TASK OBJECTIVE:
Here is the task for the records below: repeat exactly the lines from the one with "X129348452Y-81088455D01*" to the one with "X136081546Y-77661546D01*", both included, and nothing else.

[Records from a data source]
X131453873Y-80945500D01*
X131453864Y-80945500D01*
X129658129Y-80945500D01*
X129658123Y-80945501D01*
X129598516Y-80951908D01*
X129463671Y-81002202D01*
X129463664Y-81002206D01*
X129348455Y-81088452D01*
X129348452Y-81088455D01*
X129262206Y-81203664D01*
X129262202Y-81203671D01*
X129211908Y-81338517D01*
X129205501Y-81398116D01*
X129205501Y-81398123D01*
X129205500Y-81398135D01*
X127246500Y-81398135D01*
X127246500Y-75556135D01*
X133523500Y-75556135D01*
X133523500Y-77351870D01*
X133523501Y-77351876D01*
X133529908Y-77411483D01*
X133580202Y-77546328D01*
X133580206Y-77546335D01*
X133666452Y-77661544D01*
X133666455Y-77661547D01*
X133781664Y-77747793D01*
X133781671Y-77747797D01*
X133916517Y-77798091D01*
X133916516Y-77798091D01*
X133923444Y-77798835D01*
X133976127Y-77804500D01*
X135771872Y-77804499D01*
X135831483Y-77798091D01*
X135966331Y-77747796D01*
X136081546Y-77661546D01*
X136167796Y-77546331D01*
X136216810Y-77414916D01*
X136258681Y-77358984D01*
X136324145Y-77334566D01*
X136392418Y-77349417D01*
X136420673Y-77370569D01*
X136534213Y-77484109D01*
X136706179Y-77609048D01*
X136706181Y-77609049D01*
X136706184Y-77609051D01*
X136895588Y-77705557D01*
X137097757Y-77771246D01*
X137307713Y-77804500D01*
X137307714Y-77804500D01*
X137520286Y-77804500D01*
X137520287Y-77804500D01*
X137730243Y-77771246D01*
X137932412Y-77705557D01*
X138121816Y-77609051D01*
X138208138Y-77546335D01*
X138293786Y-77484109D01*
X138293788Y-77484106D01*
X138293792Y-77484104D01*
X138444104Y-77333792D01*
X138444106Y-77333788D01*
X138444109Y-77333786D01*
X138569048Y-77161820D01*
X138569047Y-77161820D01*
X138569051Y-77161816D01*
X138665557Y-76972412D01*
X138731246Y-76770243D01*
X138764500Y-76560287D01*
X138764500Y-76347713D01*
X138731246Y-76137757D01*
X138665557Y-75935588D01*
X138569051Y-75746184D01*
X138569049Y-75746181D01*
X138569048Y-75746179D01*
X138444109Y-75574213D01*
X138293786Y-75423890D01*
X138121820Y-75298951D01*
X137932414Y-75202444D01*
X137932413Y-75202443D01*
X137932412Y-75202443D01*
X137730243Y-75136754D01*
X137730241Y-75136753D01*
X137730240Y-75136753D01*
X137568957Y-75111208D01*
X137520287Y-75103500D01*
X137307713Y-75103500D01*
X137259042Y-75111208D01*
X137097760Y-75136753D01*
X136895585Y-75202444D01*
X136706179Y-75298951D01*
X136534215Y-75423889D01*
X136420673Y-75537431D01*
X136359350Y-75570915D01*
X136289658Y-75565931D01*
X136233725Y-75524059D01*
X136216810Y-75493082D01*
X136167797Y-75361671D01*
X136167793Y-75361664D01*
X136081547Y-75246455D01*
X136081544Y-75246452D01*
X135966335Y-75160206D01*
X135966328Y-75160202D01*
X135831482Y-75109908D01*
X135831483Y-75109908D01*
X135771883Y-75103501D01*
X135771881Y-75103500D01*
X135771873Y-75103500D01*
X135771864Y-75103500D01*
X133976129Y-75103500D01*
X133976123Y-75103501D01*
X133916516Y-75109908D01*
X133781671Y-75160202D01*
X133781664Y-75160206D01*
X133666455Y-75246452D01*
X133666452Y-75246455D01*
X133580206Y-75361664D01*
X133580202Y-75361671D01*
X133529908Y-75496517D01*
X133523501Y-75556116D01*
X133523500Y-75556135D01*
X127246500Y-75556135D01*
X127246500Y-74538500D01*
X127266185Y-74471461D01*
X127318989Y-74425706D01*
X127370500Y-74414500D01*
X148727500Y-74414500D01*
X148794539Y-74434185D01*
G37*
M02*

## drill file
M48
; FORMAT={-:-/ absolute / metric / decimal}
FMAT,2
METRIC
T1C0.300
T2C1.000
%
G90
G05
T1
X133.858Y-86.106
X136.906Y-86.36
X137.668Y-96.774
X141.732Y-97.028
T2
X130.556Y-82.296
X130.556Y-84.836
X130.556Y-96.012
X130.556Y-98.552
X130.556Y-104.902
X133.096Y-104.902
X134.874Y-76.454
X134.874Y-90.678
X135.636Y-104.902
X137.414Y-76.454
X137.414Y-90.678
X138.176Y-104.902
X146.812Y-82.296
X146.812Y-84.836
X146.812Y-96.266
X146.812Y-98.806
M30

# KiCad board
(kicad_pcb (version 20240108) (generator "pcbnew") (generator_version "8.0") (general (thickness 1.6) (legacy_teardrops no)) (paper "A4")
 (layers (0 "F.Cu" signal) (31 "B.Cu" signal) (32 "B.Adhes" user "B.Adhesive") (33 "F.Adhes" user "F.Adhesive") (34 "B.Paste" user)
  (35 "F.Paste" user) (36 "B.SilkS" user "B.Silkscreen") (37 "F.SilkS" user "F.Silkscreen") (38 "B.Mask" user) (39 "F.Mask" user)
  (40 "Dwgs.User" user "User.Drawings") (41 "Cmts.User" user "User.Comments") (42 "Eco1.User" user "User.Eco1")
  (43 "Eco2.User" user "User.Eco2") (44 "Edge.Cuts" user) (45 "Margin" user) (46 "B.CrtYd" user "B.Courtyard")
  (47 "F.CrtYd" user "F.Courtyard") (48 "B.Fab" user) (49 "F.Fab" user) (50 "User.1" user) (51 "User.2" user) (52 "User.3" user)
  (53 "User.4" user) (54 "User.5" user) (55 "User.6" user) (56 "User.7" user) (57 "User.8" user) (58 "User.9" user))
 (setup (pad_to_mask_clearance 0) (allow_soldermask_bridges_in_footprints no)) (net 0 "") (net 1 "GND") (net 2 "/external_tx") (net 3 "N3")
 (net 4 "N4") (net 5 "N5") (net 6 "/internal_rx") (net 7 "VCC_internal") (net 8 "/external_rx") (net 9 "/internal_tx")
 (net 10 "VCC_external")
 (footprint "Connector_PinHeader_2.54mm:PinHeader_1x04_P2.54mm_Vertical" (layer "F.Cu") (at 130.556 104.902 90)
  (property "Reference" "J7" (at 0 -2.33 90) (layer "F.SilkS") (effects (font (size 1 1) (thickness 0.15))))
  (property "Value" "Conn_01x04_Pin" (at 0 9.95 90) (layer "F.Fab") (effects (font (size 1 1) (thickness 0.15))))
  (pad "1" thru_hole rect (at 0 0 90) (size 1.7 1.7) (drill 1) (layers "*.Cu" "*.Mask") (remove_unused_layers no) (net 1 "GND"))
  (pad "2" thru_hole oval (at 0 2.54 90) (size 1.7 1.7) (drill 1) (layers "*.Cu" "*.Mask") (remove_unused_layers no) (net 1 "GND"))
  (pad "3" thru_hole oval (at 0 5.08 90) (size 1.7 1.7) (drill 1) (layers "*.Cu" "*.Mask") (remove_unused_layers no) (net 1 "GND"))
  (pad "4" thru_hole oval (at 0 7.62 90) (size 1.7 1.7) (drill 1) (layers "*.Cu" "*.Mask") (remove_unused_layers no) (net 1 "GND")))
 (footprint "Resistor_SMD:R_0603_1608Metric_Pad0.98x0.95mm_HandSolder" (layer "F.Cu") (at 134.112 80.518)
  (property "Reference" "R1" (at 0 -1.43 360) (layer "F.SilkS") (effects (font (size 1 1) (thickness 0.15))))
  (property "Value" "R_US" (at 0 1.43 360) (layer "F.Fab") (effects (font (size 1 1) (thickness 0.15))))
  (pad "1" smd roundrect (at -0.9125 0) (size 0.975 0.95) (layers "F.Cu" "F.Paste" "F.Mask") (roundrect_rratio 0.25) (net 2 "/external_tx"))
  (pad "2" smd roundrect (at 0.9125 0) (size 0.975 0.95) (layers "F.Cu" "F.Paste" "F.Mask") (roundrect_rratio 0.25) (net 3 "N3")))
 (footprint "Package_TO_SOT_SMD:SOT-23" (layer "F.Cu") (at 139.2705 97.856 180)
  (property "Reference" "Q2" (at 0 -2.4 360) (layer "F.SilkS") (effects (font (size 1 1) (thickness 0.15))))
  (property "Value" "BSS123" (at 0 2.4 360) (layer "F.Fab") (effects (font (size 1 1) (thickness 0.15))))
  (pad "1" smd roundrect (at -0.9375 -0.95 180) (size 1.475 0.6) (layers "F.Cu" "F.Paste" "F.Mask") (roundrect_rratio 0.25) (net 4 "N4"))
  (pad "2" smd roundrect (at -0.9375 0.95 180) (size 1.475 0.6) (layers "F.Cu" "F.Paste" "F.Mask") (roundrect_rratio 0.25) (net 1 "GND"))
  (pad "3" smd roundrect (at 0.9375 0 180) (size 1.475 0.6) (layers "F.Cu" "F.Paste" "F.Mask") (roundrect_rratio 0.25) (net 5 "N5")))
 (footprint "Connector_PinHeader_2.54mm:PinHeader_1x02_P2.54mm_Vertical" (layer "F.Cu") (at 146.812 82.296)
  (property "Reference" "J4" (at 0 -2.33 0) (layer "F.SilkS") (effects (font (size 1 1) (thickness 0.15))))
---
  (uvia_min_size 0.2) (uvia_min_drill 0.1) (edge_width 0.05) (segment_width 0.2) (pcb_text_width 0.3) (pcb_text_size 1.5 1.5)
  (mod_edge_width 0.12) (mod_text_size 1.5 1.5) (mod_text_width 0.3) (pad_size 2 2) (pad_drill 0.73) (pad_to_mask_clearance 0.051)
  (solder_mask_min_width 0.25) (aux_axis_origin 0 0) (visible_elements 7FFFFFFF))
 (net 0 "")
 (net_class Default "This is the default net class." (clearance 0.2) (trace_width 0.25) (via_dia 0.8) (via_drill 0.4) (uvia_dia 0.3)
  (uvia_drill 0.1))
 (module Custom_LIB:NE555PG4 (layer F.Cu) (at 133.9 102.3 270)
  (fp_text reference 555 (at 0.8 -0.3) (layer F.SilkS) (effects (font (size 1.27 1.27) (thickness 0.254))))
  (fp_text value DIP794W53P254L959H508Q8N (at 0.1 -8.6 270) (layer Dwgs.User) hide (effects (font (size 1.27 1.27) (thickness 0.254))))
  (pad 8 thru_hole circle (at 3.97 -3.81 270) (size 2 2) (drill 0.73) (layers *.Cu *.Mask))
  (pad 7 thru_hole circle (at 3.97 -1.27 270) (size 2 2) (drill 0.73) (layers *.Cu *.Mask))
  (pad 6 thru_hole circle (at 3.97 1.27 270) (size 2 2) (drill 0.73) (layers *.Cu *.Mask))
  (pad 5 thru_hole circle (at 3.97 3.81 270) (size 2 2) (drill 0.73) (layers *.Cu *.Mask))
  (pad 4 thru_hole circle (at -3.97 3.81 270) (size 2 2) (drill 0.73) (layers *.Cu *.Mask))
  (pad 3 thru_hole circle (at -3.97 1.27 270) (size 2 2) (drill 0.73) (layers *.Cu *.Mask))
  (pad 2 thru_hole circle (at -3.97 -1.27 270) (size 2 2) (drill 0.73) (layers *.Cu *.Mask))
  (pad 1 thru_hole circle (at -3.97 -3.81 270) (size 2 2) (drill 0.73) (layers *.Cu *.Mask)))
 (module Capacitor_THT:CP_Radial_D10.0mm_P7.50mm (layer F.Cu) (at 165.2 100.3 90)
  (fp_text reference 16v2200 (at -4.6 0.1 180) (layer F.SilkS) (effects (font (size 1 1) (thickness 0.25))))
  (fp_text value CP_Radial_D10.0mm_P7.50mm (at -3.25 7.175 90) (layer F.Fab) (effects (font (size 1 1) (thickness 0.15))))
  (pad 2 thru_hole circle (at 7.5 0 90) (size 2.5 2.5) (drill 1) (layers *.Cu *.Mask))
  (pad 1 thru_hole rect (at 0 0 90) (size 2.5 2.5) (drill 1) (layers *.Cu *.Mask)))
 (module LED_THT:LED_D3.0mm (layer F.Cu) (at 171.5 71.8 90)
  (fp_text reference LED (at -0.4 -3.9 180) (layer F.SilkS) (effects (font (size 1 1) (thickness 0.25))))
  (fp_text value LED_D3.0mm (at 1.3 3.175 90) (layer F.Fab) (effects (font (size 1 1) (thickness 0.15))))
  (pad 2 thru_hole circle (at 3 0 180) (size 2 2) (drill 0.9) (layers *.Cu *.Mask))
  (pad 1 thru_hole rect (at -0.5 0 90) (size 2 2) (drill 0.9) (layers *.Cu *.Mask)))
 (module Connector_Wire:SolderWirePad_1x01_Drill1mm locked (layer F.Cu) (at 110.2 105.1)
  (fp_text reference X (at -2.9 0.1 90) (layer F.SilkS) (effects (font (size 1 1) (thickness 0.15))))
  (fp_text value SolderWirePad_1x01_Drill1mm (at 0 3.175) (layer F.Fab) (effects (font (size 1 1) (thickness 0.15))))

SOLVED EXERCISE:
X129348452Y-81088455D01*
X129262206Y-81203664D01*
X129262202Y-81203671D01*
X129211908Y-81338517D01*
X129205501Y-81398116D01*
X129205501Y-81398123D01*
X129205500Y-81398135D01*
X127246500Y-81398135D01*
X127246500Y-75556135D01*
X133523500Y-75556135D01*
X133523500Y-77351870D01*
X133523501Y-77351876D01*
X133529908Y-77411483D01*
X133580202Y-77546328D01*
X133580206Y-77546335D01*
X133666452Y-77661544D01*
X133666455Y-77661547D01*
X133781664Y-77747793D01*
X133781671Y-77747797D01*
X133916517Y-77798091D01*
X133916516Y-77798091D01*
X133923444Y-77798835D01*
X133976127Y-77804500D01*
X135771872Y-77804499D01*
X135831483Y-77798091D01*
X135966331Y-77747796D01*
X136081546Y-77661546D01*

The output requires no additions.